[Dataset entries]

######

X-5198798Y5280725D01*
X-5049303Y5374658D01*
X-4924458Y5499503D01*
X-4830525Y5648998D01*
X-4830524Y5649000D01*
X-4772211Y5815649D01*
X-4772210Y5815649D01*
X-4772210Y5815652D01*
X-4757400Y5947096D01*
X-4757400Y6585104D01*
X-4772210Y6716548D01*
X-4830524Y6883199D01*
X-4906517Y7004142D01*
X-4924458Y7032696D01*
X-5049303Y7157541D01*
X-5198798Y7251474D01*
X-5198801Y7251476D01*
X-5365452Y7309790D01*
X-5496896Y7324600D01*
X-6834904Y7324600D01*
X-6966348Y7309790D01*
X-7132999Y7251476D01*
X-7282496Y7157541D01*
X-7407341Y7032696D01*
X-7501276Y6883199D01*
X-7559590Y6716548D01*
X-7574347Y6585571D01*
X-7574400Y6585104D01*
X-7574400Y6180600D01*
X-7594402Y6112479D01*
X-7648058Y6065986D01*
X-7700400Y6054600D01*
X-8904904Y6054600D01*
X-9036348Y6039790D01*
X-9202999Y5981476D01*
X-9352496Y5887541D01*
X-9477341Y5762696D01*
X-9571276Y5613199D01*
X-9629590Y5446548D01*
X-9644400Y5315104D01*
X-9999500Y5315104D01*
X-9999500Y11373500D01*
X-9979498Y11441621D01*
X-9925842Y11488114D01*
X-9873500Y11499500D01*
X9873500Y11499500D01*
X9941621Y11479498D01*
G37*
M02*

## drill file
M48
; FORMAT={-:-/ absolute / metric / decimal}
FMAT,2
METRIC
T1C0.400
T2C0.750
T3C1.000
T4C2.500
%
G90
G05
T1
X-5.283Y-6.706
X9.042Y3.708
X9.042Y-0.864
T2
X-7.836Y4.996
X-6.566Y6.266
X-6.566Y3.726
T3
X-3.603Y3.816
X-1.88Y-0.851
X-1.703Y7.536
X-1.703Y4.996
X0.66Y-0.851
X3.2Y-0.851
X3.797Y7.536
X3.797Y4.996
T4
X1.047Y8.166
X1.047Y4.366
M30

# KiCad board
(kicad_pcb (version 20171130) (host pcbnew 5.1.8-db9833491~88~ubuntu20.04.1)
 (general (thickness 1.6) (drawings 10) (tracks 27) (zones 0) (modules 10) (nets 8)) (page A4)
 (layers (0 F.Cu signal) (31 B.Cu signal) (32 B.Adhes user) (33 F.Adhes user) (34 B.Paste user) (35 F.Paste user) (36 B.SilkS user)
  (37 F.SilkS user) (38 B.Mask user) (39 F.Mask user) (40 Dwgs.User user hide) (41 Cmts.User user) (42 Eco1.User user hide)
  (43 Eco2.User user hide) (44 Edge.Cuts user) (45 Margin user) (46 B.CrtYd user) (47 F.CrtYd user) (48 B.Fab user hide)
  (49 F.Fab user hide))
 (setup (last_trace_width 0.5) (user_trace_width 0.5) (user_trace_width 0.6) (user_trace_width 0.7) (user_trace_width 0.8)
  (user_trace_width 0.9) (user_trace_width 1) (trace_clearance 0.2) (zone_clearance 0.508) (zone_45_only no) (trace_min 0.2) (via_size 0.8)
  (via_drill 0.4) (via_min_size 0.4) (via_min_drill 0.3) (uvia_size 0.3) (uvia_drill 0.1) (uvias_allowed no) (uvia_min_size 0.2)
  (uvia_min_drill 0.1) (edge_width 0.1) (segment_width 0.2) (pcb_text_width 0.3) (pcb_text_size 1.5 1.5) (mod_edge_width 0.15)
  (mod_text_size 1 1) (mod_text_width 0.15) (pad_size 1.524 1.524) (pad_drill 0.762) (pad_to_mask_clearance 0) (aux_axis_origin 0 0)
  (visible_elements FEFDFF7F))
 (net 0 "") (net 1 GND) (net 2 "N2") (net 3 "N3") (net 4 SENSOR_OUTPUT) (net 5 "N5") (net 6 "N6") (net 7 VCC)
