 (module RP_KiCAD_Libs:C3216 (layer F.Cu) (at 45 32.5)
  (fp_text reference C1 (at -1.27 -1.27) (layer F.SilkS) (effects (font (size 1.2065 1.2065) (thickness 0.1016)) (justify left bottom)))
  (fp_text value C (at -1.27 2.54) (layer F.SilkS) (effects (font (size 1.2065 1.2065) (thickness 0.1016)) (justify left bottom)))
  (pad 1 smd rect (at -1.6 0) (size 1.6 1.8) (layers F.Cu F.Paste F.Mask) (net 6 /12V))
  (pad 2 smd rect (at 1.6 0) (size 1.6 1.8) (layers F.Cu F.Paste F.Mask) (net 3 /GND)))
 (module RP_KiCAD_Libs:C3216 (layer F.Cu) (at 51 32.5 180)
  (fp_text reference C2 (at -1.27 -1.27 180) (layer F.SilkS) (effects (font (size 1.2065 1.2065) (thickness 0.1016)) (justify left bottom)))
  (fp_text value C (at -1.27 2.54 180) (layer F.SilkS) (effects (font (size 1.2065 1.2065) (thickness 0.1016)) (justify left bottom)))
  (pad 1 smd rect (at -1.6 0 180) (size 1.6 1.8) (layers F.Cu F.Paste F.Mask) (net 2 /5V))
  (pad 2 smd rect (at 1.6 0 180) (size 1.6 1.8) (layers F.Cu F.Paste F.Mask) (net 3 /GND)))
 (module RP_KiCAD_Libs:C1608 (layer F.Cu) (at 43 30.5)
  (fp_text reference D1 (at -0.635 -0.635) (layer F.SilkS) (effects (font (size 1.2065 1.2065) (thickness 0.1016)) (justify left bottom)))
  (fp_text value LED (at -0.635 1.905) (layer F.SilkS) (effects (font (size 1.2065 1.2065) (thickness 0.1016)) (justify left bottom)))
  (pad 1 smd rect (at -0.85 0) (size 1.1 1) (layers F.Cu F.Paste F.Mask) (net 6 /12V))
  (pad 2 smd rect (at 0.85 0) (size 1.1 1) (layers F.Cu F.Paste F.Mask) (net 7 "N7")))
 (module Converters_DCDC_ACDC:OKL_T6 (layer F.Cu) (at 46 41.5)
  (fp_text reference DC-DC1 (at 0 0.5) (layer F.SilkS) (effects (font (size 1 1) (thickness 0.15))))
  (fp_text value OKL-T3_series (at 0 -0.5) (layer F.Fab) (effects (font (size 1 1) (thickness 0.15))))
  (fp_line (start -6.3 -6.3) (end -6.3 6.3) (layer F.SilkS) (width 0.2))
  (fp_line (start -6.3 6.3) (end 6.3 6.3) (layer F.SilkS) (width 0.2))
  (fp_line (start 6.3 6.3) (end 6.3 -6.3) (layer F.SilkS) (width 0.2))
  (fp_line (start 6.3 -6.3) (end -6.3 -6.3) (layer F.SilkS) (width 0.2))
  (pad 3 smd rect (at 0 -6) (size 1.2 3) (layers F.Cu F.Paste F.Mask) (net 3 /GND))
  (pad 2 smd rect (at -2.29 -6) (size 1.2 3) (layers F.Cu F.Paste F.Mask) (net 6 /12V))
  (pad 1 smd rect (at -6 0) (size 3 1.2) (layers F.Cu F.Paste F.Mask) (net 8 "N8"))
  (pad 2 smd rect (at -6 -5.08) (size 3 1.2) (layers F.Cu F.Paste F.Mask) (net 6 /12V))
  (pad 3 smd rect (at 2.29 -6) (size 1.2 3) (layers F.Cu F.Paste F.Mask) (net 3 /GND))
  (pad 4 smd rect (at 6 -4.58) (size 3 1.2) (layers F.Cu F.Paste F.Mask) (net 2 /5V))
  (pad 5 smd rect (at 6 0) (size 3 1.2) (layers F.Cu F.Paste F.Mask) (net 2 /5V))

######

WHAT IS REQUIRED
Within the entries, find all lines that contain "hide" and copy each one.

TASK OUTPUT
  (37 F.SilkS user) (38 B.Mask user) (39 F.Mask user) (40 Dwgs.User user hide) (41 Cmts.User user) (42 Eco1.User user hide)
  (43 Eco2.User user hide) (44 Edge.Cuts user) (45 Margin user) (46 B.CrtYd user) (47 F.CrtYd user) (48 B.Fab user hide)
  (49 F.Fab user hide))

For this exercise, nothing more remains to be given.